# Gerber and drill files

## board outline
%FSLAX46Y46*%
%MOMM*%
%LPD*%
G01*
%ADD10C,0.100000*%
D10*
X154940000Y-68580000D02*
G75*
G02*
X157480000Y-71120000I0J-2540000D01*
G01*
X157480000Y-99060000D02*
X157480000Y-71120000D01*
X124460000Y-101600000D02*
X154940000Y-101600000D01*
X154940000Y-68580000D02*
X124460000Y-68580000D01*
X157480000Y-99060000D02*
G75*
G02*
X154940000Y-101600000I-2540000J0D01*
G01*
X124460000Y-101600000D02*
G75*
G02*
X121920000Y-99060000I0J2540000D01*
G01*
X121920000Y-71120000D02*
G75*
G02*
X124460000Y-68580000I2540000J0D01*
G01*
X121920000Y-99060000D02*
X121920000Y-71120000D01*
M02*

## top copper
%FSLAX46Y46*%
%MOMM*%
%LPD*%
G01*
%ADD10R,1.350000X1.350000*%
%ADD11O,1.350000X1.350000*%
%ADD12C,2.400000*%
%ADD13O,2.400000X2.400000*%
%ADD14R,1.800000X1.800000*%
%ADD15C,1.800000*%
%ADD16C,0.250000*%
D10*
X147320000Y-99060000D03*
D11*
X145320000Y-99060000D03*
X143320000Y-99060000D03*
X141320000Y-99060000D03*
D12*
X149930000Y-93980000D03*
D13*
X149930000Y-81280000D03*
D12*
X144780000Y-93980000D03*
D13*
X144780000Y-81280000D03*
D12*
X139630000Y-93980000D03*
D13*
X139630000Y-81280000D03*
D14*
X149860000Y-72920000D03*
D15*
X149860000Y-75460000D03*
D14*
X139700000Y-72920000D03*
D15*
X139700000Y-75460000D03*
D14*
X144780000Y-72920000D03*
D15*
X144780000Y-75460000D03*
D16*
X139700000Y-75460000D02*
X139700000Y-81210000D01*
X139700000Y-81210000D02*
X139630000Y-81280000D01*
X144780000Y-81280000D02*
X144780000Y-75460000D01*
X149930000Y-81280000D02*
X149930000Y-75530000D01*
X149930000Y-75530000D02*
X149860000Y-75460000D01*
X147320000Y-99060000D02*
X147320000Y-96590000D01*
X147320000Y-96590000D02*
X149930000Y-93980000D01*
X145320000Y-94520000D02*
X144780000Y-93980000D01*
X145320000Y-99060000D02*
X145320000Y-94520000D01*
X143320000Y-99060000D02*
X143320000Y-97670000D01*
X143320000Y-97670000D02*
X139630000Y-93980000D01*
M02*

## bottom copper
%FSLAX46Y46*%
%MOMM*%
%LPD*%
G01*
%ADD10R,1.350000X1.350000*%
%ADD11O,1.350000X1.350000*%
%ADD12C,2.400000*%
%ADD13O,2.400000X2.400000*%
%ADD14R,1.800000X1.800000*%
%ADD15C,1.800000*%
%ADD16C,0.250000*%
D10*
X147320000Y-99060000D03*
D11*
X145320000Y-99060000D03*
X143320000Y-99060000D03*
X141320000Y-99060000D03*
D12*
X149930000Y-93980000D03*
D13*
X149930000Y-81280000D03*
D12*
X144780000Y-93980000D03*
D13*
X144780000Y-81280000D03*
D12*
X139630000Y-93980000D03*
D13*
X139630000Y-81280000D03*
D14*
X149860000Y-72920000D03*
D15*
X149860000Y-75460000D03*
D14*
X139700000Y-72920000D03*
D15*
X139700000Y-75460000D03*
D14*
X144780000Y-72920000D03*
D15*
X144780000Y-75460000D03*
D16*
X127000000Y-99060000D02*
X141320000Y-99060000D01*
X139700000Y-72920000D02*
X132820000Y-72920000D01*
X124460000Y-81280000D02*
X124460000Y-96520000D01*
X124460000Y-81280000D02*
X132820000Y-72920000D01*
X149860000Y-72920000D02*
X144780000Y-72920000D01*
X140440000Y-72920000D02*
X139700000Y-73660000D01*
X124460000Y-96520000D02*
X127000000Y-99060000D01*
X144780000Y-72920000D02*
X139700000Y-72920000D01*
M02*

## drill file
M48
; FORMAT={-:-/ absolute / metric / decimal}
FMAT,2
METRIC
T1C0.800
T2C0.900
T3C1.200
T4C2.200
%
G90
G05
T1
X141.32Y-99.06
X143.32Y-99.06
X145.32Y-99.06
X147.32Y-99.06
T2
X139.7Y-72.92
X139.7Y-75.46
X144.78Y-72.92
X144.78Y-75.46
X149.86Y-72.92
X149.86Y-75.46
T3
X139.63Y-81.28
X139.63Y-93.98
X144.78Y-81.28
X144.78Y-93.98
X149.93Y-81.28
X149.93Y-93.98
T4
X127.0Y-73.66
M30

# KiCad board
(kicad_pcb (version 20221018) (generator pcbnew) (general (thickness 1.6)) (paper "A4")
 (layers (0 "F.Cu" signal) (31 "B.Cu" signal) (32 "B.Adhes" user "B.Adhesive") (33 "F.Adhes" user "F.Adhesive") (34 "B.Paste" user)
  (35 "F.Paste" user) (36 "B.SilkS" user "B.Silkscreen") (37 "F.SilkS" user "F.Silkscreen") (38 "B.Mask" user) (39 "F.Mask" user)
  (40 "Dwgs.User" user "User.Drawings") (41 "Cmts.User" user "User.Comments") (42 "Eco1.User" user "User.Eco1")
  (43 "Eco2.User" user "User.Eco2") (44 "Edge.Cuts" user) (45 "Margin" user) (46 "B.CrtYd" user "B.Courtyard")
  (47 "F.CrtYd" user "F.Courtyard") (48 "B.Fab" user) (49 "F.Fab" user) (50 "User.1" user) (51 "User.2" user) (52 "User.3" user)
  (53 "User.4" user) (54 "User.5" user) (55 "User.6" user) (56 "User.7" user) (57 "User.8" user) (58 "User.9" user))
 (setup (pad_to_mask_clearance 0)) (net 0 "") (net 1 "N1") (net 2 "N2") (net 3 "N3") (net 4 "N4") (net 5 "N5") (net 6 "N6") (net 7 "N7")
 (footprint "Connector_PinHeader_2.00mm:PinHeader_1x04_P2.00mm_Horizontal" (layer "F.Cu") (at 147.32 99.06 -90)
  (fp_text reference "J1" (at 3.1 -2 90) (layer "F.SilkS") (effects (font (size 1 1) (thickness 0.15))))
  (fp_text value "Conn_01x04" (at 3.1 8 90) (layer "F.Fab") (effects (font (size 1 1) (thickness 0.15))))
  (pad "1" thru_hole rect (at 0 0 270) (size 1.35 1.35) (drill 0.8) (layers "*.Cu" "*.Mask") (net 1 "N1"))
  (pad "2" thru_hole oval (at 0 2 270) (size 1.35 1.35) (drill 0.8) (layers "*.Cu" "*.Mask") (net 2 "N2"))
  (pad "3" thru_hole oval (at 0 4 270) (size 1.35 1.35) (drill 0.8) (layers "*.Cu" "*.Mask") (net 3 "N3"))
  (pad "4" thru_hole oval (at 0 6 270) (size 1.35 1.35) (drill 0.8) (layers "*.Cu" "*.Mask") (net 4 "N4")))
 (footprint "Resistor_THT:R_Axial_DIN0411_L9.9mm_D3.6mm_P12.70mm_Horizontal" (layer "F.Cu") (at 149.93 93.98 90)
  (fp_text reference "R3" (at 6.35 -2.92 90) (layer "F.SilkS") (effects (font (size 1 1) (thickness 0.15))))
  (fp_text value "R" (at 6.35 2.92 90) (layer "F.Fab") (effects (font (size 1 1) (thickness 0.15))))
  (pad "1" thru_hole circle (at 0 0 90) (size 2.4 2.4) (drill 1.2) (layers "*.Cu" "*.Mask") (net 1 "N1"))
  (pad "2" thru_hole oval (at 12.7 0 90) (size 2.4 2.4) (drill 1.2) (layers "*.Cu" "*.Mask") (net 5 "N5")))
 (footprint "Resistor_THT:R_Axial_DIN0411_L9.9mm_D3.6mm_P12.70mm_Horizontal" (layer "F.Cu") (at 144.78 93.98 90)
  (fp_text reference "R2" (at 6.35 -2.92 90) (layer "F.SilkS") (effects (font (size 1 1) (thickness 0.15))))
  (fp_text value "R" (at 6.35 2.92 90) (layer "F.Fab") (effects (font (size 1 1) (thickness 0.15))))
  (pad "1" thru_hole circle (at 0 0 90) (size 2.4 2.4) (drill 1.2) (layers "*.Cu" "*.Mask") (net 2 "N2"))
  (pad "2" thru_hole oval (at 12.7 0 90) (size 2.4 2.4) (drill 1.2) (layers "*.Cu" "*.Mask") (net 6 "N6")))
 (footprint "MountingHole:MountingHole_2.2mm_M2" (layer "F.Cu") (at 127 73.66)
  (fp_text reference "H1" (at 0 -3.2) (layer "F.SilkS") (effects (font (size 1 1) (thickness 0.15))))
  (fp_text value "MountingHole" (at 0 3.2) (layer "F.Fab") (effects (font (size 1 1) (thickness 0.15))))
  (pad "" np_thru_hole circle (at 0 0) (size 2.2 2.2) (drill 2.2) (layers "*.Cu" "*.Mask")))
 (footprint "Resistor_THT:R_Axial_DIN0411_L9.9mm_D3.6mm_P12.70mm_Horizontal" (layer "F.Cu") (at 139.63 93.98 90)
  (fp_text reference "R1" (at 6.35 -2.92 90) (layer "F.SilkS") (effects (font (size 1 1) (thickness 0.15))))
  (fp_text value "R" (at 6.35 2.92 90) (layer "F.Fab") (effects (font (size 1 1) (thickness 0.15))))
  (pad "1" thru_hole circle (at 0 0 90) (size 2.4 2.4) (drill 1.2) (layers "*.Cu" "*.Mask") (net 3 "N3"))
  (pad "2" thru_hole oval (at 12.7 0 90) (size 2.4 2.4) (drill 1.2) (layers "*.Cu" "*.Mask") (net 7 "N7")))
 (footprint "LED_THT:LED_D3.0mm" (layer "F.Cu") (at 149.86 72.92 -90)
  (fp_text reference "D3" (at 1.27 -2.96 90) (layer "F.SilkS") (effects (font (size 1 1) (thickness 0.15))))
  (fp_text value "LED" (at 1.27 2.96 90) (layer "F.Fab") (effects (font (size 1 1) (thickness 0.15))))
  (pad "1" thru_hole rect (at 0 0 270) (size 1.8 1.8) (drill 0.9) (layers "*.Cu" "*.Mask") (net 4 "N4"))
  (pad "2" thru_hole circle (at 2.54 0 270) (size 1.8 1.8) (drill 0.9) (layers "*.Cu" "*.Mask") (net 5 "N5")))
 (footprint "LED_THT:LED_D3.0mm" (layer "F.Cu") (at 139.7 72.92 -90)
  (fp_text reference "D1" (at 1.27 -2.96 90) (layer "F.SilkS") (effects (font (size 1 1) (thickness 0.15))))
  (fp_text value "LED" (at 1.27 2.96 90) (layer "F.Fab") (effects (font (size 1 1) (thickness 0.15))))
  (pad "1" thru_hole rect (at 0 0 270) (size 1.8 1.8) (drill 0.9) (layers "*.Cu" "*.Mask") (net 4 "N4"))
  (pad "2" thru_hole circle (at 2.54 0 270) (size 1.8 1.8) (drill 0.9) (layers "*.Cu" "*.Mask") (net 7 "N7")))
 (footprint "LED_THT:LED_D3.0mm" (layer "F.Cu") (at 144.78 72.92 -90)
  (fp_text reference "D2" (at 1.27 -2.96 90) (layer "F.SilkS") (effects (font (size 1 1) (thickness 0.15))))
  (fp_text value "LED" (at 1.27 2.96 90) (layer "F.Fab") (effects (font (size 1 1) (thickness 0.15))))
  (pad "1" thru_hole rect (at 0 0 270) (size 1.8 1.8) (drill 0.9) (layers "*.Cu" "*.Mask") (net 4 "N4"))
  (pad "2" thru_hole circle (at 2.54 0 270) (size 1.8 1.8) (drill 0.9) (layers "*.Cu" "*.Mask") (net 6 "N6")))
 (gr_arc (start 154.94 68.58) (mid 156.736051 69.323949) (end 157.48 71.12) (stroke (width 0.1) (type default)) (layer "Edge.Cuts"))
 (gr_line (start 157.48 99.06) (end 157.48 71.12) (stroke (width 0.1) (type default)) (layer "Edge.Cuts"))
 (gr_line (start 124.46 101.6) (end 154.94 101.6) (stroke (width 0.1) (type default)) (layer "Edge.Cuts"))
 (gr_line (start 154.94 68.58) (end 124.46 68.58) (stroke (width 0.1) (type default)) (layer "Edge.Cuts"))
 (gr_arc (start 157.48 99.06) (mid 156.736051 100.856051) (end 154.94 101.6) (stroke (width 0.1) (type default)) (layer "Edge.Cuts"))
 (gr_arc (start 124.46 101.6) (mid 122.663949 100.856051) (end 121.92 99.06) (stroke (width 0.1) (type default)) (layer "Edge.Cuts"))
 (gr_arc (start 121.92 71.12) (mid 122.663949 69.323949) (end 124.46 68.58) (stroke (width 0.1) (type default)) (layer "Edge.Cuts"))
 (gr_line (start 121.92 99.06) (end 121.92 71.12) (stroke (width 0.1) (type default)) (layer "Edge.Cuts"))
 (segment (start 127 99.06) (end 141.32 99.06) (width 0.25) (layer "B.Cu") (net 4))
 (segment (start 139.7 72.92) (end 132.82 72.92) (width 0.25) (layer "B.Cu") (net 4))
 (segment (start 124.46 81.28) (end 124.46 96.52) (width 0.25) (layer "B.Cu") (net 4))
 (segment (start 124.46 81.28) (end 132.82 72.92) (width 0.25) (layer "B.Cu") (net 4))
 (segment (start 149.86 72.92) (end 144.78 72.92) (width 0.25) (layer "B.Cu") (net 4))
 (segment (start 140.44 72.92) (end 139.7 73.66) (width 0.25) (layer "B.Cu") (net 4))
 (segment (start 124.46 96.52) (end 127 99.06) (width 0.25) (layer "B.Cu") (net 4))
 (segment (start 144.78 72.92) (end 139.7 72.92) (width 0.25) (layer "B.Cu") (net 4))
 (segment (start 139.7 75.46) (end 139.7 81.21) (width 0.25) (layer "F.Cu") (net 7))
 (segment (start 139.7 81.21) (end 139.63 81.28) (width 0.25) (layer "F.Cu") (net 7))
 (segment (start 144.78 81.28) (end 144.78 75.46) (width 0.25) (layer "F.Cu") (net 6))
 (segment (start 149.93 81.28) (end 149.93 75.53) (width 0.25) (layer "F.Cu") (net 5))
 (segment (start 149.93 75.53) (end 149.86 75.46) (width 0.25) (layer "F.Cu") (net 5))
 (segment (start 147.32 99.06) (end 147.32 96.59) (width 0.25) (layer "F.Cu") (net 1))
 (segment (start 147.32 96.59) (end 149.93 93.98) (width 0.25) (layer "F.Cu") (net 1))
 (segment (start 145.32 94.52) (end 144.78 93.98) (width 0.25) (layer "F.Cu") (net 2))
 (segment (start 145.32 99.06) (end 145.32 94.52) (width 0.25) (layer "F.Cu") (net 2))
 (segment (start 143.32 99.06) (end 143.32 97.67) (width 0.25) (layer "F.Cu") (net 3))
 (segment (start 143.32 97.67) (end 139.63 93.98) (width 0.25) (layer "F.Cu") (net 3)))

------

▸ Required work
Filter the entries and copy out every line with the word "footprint".

▸ Output
 (footprint "Connector_PinHeader_2.00mm:PinHeader_1x04_P2.00mm_Horizontal" (layer "F.Cu") (at 147.32 99.06 -90)
 (footprint "Resistor_THT:R_Axial_DIN0411_L9.9mm_D3.6mm_P12.70mm_Horizontal" (layer "F.Cu") (at 149.93 93.98 90)
 (footprint "Resistor_THT:R_Axial_DIN0411_L9.9mm_D3.6mm_P12.70mm_Horizontal" (layer "F.Cu") (at 144.78 93.98 90)
 (footprint "MountingHole:MountingHole_2.2mm_M2" (layer "F.Cu") (at 127 73.66)
 (footprint "Resistor_THT:R_Axial_DIN0411_L9.9mm_D3.6mm_P12.70mm_Horizontal" (layer "F.Cu") (at 139.63 93.98 90)
 (footprint "LED_THT:LED_D3.0mm" (layer "F.Cu") (at 149.86 72.92 -90)
 (footprint "LED_THT:LED_D3.0mm" (layer "F.Cu") (at 139.7 72.92 -90)
 (footprint "LED_THT:LED_D3.0mm" (layer "F.Cu") (at 144.78 72.92 -90)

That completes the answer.